(Beginning of SUPPLIED MATERIAL)

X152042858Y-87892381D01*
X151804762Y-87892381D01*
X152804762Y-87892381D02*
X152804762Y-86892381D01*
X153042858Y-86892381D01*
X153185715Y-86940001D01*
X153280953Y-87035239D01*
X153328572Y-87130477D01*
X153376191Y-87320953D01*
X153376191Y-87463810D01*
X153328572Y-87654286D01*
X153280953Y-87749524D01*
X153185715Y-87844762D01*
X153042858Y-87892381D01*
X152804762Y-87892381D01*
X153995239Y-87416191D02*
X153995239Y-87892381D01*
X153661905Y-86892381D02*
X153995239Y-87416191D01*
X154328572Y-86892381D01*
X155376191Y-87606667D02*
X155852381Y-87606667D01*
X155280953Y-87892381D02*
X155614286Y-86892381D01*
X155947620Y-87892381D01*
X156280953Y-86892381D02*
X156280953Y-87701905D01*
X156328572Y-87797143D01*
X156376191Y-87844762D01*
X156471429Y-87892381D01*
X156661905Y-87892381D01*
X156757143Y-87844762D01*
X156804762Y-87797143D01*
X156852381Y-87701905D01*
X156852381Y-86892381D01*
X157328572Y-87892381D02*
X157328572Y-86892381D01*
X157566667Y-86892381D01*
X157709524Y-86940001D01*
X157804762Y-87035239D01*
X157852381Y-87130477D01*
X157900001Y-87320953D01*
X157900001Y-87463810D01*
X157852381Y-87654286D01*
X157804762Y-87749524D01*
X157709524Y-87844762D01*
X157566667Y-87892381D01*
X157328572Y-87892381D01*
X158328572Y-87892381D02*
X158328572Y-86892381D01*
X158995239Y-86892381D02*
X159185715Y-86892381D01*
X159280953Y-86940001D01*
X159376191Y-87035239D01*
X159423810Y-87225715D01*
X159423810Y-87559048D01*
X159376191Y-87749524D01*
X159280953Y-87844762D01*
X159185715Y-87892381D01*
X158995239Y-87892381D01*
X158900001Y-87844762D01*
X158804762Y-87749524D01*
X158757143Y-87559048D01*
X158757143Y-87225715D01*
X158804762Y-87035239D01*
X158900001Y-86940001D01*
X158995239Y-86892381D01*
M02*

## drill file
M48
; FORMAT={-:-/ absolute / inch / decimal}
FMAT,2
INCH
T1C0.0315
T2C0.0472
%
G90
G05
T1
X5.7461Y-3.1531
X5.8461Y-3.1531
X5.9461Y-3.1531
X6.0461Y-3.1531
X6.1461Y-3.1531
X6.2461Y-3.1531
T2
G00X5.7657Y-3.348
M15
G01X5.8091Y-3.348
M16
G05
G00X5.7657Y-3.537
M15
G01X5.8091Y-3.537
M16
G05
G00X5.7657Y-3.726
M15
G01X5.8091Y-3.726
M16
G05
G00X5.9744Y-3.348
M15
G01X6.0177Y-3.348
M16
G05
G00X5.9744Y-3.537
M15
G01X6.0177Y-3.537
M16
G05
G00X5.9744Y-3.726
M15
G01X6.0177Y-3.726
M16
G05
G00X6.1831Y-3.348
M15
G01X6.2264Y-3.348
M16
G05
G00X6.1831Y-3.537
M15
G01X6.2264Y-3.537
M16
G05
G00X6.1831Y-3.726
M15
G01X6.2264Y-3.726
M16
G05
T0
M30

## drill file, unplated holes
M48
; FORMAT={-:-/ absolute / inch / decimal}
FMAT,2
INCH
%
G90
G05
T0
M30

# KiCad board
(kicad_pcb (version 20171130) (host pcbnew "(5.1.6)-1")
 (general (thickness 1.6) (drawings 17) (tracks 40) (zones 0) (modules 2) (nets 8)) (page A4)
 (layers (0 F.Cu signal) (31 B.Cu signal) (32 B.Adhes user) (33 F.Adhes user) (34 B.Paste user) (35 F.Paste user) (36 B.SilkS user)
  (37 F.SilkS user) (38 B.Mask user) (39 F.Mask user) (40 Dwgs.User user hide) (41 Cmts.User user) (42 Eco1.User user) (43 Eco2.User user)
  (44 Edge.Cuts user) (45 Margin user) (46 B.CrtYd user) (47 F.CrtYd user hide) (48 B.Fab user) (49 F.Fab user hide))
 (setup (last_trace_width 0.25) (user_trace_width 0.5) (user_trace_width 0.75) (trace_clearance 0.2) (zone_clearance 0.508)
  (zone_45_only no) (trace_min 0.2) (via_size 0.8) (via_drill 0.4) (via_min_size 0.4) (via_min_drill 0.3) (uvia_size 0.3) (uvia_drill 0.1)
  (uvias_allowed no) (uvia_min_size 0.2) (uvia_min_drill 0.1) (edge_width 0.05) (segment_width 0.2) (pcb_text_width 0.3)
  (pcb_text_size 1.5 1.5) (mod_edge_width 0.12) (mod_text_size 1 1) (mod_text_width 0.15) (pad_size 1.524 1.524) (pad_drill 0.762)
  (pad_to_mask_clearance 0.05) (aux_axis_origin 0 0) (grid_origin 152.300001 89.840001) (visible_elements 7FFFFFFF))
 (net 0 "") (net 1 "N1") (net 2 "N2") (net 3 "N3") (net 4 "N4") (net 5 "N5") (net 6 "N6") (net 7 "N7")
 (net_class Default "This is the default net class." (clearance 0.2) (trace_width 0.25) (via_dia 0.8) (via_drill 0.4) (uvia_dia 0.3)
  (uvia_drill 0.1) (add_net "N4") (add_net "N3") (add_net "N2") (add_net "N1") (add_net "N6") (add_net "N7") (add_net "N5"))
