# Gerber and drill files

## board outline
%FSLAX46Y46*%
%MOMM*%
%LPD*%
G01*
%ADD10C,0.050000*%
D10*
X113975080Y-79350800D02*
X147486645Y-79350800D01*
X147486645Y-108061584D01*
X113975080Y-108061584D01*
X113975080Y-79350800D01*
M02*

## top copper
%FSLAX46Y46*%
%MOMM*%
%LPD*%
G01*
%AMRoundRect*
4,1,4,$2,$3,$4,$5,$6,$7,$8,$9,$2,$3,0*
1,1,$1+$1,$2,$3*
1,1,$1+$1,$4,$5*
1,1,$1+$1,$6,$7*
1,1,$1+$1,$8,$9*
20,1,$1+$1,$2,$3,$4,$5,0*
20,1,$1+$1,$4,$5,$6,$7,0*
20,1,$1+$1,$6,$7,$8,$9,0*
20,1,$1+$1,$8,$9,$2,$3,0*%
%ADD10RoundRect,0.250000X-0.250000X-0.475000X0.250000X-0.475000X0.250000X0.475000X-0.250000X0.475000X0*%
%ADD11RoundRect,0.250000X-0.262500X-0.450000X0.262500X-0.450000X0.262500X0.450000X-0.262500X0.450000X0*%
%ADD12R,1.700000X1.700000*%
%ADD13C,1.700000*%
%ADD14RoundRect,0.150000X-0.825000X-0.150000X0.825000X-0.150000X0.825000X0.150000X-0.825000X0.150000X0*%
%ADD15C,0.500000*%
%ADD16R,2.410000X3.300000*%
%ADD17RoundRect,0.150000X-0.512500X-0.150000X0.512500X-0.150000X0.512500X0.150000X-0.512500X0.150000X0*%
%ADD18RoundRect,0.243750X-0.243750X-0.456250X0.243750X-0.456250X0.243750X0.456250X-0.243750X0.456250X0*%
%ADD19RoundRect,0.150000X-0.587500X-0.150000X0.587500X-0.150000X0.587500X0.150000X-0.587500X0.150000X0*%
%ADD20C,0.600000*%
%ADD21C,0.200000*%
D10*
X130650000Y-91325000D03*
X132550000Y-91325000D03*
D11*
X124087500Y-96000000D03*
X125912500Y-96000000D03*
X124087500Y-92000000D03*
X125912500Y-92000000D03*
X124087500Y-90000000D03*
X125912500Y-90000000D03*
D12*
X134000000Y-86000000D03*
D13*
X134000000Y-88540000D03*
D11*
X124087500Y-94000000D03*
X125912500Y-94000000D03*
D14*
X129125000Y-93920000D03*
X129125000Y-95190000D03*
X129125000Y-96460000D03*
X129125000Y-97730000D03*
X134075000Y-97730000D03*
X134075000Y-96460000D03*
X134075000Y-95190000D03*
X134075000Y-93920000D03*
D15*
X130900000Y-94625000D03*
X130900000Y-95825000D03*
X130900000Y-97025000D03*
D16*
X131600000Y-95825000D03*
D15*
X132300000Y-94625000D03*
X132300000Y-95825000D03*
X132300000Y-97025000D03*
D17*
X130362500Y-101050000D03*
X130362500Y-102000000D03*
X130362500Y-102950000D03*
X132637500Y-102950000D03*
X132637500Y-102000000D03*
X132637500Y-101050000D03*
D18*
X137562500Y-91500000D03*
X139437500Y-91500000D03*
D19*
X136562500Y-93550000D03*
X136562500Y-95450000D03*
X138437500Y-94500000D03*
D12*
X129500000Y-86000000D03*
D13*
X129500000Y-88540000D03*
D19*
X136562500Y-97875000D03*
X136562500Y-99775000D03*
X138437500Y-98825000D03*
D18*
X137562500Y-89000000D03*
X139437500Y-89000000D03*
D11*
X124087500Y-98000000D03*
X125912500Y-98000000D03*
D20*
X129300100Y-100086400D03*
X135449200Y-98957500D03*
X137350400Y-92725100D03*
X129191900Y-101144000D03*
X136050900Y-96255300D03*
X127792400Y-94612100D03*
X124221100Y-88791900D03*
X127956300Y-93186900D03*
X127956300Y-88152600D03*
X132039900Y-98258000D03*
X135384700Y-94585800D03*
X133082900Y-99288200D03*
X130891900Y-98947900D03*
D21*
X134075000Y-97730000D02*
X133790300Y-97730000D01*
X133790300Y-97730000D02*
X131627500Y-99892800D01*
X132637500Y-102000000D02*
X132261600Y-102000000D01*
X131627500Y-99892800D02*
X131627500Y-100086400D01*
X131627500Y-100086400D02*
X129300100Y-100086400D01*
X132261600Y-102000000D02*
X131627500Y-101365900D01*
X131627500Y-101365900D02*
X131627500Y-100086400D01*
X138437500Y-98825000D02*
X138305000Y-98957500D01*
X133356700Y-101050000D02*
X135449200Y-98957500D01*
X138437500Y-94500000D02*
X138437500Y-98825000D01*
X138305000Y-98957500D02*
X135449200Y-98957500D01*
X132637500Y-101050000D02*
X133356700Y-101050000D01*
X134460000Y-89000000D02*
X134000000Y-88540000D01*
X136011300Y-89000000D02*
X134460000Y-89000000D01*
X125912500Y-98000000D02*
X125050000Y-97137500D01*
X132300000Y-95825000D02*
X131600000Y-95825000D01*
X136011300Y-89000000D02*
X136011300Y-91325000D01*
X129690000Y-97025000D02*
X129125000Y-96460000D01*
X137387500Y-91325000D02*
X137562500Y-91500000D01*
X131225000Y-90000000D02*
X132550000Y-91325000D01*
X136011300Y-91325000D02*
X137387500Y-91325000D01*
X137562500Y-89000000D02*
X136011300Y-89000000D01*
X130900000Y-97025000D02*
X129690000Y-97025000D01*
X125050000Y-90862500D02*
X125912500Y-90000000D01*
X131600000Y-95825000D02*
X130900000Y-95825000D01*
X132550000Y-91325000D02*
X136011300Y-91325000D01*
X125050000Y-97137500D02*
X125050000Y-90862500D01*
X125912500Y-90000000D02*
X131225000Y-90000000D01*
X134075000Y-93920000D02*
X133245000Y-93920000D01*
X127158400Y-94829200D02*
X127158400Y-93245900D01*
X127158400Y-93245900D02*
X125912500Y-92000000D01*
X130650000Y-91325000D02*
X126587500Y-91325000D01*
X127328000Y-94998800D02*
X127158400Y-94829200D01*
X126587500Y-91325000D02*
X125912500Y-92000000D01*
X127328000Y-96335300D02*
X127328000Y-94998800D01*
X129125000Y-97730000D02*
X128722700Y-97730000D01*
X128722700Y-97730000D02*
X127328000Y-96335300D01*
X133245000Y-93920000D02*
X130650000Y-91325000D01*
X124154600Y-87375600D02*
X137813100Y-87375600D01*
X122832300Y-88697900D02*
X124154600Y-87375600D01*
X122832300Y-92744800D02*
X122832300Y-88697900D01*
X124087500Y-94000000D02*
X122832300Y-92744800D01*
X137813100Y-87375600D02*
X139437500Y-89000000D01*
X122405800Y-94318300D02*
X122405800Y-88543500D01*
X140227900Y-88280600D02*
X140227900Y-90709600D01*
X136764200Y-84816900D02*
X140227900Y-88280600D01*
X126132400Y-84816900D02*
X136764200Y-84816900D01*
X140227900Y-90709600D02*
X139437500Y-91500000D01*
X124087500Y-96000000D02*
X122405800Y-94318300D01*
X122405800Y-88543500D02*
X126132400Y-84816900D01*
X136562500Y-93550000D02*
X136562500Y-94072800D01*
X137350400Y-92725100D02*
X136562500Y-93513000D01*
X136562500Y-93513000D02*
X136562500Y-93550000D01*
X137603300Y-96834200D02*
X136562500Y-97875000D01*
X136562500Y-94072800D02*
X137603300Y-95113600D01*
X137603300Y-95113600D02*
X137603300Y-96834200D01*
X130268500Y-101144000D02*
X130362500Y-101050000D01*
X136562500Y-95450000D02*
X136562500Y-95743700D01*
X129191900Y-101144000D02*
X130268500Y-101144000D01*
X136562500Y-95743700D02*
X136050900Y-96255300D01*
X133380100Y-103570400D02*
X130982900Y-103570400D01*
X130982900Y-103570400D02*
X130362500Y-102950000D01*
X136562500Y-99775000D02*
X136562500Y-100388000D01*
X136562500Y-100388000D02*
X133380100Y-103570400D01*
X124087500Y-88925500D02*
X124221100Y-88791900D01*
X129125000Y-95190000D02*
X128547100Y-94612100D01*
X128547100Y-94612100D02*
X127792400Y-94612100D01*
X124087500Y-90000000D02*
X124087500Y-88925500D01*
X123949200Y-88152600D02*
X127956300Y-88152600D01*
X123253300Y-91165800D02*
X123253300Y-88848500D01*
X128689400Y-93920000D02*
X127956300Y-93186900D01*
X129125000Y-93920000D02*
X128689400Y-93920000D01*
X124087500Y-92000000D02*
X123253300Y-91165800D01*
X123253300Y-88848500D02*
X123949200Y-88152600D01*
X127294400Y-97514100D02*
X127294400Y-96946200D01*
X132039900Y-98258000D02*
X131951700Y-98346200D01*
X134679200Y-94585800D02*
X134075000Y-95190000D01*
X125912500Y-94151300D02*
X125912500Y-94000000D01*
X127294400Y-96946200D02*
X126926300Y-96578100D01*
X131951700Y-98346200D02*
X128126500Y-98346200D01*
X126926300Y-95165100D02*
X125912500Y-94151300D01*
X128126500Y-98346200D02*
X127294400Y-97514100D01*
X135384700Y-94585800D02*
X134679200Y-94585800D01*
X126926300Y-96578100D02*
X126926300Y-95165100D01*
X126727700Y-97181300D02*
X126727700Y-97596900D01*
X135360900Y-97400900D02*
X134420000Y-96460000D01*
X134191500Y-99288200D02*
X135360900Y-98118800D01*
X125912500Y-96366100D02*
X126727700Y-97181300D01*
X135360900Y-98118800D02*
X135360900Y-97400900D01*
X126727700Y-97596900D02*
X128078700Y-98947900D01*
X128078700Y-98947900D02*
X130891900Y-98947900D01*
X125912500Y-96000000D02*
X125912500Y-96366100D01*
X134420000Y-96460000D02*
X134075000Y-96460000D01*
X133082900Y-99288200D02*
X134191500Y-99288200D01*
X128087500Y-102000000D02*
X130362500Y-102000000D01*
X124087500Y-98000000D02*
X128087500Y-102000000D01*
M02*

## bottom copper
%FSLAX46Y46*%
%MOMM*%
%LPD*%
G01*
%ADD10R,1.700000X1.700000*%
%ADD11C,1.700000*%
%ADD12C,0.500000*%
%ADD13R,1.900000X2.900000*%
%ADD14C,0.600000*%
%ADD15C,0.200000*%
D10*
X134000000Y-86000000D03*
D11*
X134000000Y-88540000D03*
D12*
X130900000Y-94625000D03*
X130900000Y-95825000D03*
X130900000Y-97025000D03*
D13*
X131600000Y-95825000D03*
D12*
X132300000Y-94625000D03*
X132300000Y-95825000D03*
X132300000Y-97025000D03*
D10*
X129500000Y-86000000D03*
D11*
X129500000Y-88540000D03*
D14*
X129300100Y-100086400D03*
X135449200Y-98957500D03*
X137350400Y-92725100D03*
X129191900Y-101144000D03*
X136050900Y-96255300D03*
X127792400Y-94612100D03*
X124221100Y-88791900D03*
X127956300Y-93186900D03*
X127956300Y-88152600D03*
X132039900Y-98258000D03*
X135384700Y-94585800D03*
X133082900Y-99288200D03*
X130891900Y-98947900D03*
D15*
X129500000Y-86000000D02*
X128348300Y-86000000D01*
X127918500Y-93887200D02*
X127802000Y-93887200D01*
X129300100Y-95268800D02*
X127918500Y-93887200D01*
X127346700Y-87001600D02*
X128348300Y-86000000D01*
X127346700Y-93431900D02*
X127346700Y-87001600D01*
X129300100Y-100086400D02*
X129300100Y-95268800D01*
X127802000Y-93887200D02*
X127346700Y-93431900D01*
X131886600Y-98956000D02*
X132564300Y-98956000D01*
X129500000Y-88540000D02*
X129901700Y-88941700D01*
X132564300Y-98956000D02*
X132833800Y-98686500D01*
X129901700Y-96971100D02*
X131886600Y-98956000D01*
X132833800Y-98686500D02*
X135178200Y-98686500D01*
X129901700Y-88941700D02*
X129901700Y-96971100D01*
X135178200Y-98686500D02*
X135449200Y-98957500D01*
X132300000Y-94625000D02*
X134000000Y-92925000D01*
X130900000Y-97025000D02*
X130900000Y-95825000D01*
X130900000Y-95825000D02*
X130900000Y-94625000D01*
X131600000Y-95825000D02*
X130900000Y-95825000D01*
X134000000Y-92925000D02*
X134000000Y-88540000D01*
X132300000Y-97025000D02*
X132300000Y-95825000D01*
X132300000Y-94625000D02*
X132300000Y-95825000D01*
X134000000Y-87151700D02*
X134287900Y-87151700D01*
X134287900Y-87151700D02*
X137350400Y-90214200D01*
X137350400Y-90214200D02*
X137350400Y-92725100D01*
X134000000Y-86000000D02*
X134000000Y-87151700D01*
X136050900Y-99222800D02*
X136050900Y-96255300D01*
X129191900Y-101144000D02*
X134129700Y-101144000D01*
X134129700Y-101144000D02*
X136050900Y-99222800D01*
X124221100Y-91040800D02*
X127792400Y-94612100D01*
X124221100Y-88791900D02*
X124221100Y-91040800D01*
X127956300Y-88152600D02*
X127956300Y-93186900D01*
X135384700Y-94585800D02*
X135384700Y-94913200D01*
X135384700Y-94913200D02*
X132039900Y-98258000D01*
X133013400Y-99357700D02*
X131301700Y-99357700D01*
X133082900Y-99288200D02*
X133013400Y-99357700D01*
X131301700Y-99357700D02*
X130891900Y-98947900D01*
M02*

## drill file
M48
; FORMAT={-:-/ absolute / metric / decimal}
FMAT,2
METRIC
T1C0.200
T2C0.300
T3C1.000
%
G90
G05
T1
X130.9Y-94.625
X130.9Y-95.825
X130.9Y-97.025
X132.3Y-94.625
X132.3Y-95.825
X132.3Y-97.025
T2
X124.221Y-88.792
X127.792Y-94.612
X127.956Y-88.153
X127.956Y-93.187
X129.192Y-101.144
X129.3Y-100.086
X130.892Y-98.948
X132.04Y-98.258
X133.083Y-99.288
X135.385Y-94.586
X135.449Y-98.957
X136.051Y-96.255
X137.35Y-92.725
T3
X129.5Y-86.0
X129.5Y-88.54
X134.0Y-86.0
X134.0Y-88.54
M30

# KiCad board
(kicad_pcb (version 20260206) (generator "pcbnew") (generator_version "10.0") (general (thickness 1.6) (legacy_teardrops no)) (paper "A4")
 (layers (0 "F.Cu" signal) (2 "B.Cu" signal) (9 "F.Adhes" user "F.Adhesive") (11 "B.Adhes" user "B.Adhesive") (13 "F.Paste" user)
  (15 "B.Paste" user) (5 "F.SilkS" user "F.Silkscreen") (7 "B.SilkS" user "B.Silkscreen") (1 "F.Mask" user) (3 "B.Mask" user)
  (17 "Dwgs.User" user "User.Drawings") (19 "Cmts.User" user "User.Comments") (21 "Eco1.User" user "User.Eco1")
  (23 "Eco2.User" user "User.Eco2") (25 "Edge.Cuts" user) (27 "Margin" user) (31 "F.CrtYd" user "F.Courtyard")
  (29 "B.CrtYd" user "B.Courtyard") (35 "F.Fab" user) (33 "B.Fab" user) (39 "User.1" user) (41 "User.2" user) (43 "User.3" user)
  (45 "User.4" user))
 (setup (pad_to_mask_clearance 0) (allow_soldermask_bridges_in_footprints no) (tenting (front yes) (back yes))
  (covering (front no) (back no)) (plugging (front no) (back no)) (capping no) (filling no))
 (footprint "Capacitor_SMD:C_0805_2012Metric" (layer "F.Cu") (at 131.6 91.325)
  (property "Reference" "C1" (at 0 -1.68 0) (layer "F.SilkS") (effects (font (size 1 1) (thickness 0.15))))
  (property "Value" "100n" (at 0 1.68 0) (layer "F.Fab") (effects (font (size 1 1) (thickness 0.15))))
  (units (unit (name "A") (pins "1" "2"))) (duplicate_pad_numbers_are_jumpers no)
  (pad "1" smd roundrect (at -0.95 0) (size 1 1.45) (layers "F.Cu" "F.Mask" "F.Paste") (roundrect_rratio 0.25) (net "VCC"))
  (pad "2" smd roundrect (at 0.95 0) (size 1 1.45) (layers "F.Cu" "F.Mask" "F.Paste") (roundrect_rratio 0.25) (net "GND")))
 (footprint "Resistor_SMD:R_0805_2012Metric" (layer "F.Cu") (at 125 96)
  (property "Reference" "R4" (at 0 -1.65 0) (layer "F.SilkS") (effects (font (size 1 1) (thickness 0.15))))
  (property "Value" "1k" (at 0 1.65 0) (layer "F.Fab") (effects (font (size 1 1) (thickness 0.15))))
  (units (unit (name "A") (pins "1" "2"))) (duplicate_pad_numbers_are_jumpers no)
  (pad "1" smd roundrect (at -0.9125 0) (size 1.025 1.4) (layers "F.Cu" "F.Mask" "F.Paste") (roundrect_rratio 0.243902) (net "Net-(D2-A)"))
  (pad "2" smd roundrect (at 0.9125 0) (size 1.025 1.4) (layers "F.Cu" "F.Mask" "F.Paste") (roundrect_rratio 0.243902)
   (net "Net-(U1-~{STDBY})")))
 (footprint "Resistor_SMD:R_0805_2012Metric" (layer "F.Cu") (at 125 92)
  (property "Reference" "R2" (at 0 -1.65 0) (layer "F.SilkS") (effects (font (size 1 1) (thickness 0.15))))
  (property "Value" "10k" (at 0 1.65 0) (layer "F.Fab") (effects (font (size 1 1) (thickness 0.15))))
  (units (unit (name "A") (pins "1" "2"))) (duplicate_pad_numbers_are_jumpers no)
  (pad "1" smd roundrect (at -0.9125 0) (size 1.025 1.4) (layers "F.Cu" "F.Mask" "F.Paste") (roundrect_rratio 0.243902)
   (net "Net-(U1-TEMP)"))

(End of SUPPLIED MATERIAL)

## WHAT YOU NEED TO DO
Find and copy each line of the listing above that holds the word "effects".

## TASK OUTPUT
  (property "Reference" "C1" (at 0 -1.68 0) (layer "F.SilkS") (effects (font (size 1 1) (thickness 0.15))))
  (property "Value" "100n" (at 0 1.68 0) (layer "F.Fab") (effects (font (size 1 1) (thickness 0.15))))
  (property "Reference" "R4" (at 0 -1.65 0) (layer "F.SilkS") (effects (font (size 1 1) (thickness 0.15))))
  (property "Value" "1k" (at 0 1.65 0) (layer "F.Fab") (effects (font (size 1 1) (thickness 0.15))))
  (property "Reference" "R2" (at 0 -1.65 0) (layer "F.SilkS") (effects (font (size 1 1) (thickness 0.15))))
  (property "Value" "10k" (at 0 1.65 0) (layer "F.Fab") (effects (font (size 1 1) (thickness 0.15))))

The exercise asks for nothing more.